Description of the task
Go through the records line by line. Report how many lines contain "front", with nothing else.

─── Dataset extract

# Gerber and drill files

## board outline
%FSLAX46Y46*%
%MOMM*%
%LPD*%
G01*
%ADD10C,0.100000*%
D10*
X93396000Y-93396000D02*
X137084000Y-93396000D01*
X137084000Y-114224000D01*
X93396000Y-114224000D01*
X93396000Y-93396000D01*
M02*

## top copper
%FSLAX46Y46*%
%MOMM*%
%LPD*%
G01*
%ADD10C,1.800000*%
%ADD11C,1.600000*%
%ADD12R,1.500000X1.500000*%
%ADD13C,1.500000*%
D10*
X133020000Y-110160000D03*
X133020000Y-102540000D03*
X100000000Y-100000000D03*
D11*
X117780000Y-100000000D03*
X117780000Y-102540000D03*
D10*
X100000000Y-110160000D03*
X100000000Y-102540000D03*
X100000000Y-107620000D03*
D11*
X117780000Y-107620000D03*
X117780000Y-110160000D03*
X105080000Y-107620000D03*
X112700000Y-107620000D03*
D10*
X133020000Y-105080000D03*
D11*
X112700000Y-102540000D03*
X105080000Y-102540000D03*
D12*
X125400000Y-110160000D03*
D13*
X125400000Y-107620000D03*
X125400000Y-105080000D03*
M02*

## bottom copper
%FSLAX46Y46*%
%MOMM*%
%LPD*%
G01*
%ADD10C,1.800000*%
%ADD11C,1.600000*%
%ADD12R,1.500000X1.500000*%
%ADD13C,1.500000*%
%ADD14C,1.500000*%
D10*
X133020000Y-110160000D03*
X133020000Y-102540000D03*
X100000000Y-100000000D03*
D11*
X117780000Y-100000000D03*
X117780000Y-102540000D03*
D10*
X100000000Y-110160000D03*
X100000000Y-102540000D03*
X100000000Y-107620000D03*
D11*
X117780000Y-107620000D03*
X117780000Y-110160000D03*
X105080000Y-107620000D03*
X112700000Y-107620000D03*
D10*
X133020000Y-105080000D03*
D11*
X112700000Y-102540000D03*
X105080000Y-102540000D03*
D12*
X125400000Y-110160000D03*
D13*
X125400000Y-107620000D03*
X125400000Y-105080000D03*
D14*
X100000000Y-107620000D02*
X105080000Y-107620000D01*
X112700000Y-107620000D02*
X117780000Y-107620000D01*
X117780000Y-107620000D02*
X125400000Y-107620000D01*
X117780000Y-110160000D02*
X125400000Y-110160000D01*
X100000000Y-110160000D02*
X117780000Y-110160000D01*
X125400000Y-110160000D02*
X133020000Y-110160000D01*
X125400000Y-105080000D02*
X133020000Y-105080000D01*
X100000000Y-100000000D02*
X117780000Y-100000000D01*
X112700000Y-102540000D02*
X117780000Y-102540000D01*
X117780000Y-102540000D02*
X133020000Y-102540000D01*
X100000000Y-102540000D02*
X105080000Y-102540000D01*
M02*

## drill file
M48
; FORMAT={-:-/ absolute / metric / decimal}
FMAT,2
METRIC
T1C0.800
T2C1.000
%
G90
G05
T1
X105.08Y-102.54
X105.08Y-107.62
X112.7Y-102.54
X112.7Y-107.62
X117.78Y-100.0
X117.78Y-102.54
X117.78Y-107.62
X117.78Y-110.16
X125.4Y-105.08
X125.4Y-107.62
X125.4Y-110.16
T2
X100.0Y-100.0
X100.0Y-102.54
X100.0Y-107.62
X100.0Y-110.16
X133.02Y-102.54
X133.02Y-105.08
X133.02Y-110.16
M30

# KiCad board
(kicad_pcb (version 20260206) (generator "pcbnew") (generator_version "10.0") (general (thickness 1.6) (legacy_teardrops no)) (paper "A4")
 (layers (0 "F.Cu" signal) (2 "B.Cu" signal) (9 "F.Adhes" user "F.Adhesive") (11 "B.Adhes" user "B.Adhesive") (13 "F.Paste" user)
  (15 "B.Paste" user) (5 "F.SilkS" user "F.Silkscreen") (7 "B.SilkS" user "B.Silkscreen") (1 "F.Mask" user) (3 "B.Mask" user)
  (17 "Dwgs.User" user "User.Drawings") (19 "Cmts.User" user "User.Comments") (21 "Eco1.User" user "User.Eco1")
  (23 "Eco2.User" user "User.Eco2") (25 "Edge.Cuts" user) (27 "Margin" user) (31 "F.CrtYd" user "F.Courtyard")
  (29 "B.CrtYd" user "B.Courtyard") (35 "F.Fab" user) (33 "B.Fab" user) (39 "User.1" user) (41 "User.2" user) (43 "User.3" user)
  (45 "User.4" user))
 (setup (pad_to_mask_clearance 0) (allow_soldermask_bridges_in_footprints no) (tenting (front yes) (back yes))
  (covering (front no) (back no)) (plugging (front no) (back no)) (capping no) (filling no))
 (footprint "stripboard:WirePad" (layer "F.Cu") (at 133.02 110.16)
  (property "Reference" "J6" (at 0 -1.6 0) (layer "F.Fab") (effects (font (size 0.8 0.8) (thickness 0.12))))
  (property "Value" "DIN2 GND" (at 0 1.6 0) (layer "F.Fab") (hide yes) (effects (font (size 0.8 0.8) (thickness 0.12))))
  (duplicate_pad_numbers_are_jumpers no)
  (pad "1" thru_hole circle (at 0 0) (size 1.8 1.8) (drill 1) (layers "*.Cu" "*.Mask") (remove_unused_layers no) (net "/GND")))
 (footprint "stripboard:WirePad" (layer "F.Cu") (at 133.02 102.54)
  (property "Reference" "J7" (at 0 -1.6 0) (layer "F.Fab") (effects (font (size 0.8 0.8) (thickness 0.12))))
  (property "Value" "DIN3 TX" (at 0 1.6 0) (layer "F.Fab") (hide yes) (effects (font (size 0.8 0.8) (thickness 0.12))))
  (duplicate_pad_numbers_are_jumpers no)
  (pad "1" thru_hole circle (at 0 0) (size 1.8 1.8) (drill 1) (layers "*.Cu" "*.Mask") (remove_unused_layers no) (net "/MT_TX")))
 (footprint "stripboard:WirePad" (layer "F.Cu") (at 100 100)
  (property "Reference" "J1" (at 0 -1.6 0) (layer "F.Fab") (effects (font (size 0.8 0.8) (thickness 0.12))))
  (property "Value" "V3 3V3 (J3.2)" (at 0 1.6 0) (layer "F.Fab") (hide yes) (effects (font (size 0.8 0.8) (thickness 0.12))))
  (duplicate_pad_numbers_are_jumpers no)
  (pad "1" thru_hole circle (at 0 0) (size 1.8 1.8) (drill 1) (layers "*.Cu" "*.Mask") (remove_unused_layers no) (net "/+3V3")))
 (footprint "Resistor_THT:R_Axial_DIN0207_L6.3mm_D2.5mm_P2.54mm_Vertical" (layer "F.Cu") (at 117.78 100 -90)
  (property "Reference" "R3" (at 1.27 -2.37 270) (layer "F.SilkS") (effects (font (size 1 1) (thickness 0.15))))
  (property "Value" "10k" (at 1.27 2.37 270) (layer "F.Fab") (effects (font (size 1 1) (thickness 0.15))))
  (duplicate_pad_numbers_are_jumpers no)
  (pad "1" thru_hole circle (at 0 0 270) (size 1.6 1.6) (drill 0.8) (layers "*.Cu" "*.Mask") (remove_unused_layers no) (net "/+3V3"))
  (pad "2" thru_hole circle (at 2.54 0 270) (size 1.6 1.6) (drill 0.8) (layers "*.Cu" "*.Mask") (remove_unused_layers no) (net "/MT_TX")))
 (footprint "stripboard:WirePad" (layer "F.Cu") (at 100 110.16)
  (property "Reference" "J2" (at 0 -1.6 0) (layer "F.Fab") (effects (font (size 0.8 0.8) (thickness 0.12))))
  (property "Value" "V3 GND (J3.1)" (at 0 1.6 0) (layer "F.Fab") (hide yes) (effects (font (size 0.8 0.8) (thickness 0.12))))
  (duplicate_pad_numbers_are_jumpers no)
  (pad "1" thru_hole circle (at 0 0) (size 1.8 1.8) (drill 1) (layers "*.Cu" "*.Mask") (remove_unused_layers no) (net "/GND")))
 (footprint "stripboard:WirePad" (layer "F.Cu") (at 100 102.54)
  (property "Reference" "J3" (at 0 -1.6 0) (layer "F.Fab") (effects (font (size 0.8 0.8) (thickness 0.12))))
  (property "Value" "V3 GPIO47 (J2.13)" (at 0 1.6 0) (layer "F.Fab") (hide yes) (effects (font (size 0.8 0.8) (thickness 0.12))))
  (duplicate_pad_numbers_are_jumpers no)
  (pad "1" thru_hole circle (at 0 0) (size 1.8 1.8) (drill 1) (layers "*.Cu" "*.Mask") (remove_unused_layers no) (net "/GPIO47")))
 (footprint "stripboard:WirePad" (layer "F.Cu") (at 100 107.62)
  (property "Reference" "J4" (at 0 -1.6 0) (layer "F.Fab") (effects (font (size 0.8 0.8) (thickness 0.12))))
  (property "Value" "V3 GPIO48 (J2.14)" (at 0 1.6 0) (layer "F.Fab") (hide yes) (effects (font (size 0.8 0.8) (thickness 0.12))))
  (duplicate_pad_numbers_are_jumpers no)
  (pad "1" thru_hole circle (at 0 0) (size 1.8 1.8) (drill 1) (layers "*.Cu" "*.Mask") (remove_unused_layers no) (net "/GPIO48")))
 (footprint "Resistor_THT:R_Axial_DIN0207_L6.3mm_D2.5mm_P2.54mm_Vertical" (layer "F.Cu") (at 117.78 107.62 -90)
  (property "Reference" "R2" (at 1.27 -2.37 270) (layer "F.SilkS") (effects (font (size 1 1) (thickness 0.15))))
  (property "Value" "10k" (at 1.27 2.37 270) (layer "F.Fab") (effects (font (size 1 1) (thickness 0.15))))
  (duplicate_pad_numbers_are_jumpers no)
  (pad "1" thru_hole circle (at 0 0 270) (size 1.6 1.6) (drill 0.8) (layers "*.Cu" "*.Mask") (remove_unused_layers no) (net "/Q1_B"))
  (pad "2" thru_hole circle (at 2.54 0 270) (size 1.6 1.6) (drill 0.8) (layers "*.Cu" "*.Mask") (remove_unused_layers no) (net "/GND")))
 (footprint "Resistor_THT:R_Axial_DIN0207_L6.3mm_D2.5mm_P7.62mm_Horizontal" (layer "F.Cu") (at 105.08 107.62)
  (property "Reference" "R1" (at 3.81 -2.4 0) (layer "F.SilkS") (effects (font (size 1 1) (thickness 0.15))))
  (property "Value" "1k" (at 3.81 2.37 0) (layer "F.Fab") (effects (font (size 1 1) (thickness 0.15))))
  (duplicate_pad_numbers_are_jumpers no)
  (pad "1" thru_hole circle (at 0 0) (size 1.6 1.6) (drill 0.8) (layers "*.Cu" "*.Mask") (remove_unused_layers no) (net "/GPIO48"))
  (pad "2" thru_hole circle (at 7.62 0) (size 1.6 1.6) (drill 0.8) (layers "*.Cu" "*.Mask") (remove_unused_layers no) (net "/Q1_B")))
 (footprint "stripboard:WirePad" (layer "F.Cu") (at 133.02 105.08)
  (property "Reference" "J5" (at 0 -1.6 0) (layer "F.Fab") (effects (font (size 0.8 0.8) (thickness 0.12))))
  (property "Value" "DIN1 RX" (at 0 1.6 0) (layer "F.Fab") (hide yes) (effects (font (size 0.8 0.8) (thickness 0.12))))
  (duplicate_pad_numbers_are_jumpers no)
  (pad "1" thru_hole circle (at 0 0) (size 1.8 1.8) (drill 1) (layers "*.Cu" "*.Mask") (remove_unused_layers no) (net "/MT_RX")))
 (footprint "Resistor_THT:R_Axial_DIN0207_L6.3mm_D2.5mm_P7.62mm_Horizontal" (layer "F.Cu") (at 112.7 102.54 180)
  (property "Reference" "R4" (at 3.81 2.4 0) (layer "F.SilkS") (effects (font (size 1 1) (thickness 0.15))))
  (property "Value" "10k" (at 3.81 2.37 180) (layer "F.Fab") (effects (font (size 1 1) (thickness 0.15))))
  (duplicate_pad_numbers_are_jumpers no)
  (pad "1" thru_hole circle (at 0 0 180) (size 1.6 1.6) (drill 0.8) (layers "*.Cu" "*.Mask") (remove_unused_layers no) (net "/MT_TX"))
  (pad "2" thru_hole circle (at 7.62 0 180) (size 1.6 1.6) (drill 0.8) (layers "*.Cu" "*.Mask") (remove_unused_layers no) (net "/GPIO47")))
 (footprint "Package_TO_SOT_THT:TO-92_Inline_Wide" (layer "F.Cu") (at 125.4 110.16 90)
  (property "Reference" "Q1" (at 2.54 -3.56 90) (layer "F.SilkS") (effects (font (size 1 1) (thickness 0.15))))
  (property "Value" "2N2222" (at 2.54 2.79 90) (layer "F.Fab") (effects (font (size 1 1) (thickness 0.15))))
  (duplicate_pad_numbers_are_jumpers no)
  (pad "1" thru_hole rect (at 0 0 90) (size 1.5 1.5) (drill 0.8) (layers "*.Cu" "*.Mask") (remove_unused_layers no) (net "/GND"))
  (pad "2" thru_hole circle (at 2.54 0 90) (size 1.5 1.5) (drill 0.8) (layers "*.Cu" "*.Mask") (remove_unused_layers no) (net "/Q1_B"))
  (pad "3" thru_hole circle (at 5.08 0 90) (size 1.5 1.5) (drill 0.8) (layers "*.Cu" "*.Mask") (remove_unused_layers no) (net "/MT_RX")))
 (gr_rect (start 93.396 93.396) (end 137.084 114.224) (stroke (width 0.1) (type default)) (fill no) (layer "Edge.Cuts"))
 (segment (start 100 107.62) (end 105.08 107.62) (width 1.5) (layer "B.Cu") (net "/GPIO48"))
 (segment (start 112.7 107.62) (end 117.78 107.62) (width 1.5) (layer "B.Cu") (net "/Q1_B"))
 (segment (start 117.78 107.62) (end 125.4 107.62) (width 1.5) (layer "B.Cu") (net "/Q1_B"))
 (segment (start 117.78 110.16) (end 125.4 110.16) (width 1.5) (layer "B.Cu") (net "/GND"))
 (segment (start 100 110.16) (end 117.78 110.16) (width 1.5) (layer "B.Cu") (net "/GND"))
 (segment (start 125.4 110.16) (end 133.02 110.16) (width 1.5) (layer "B.Cu") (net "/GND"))
 (segment (start 125.4 105.08) (end 133.02 105.08) (width 1.5) (layer "B.Cu") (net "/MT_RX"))
 (segment (start 100 100) (end 117.78 100) (width 1.5) (layer "B.Cu") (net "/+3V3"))
 (segment (start 112.7 102.54) (end 117.78 102.54) (width 1.5) (layer "B.Cu") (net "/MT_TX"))
 (segment (start 117.78 102.54) (end 133.02 102.54) (width 1.5) (layer "B.Cu") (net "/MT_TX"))
 (segment (start 100 102.54) (end 105.08 102.54) (width 1.5) (layer "B.Cu") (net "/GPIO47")))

──────

Completed exercise
2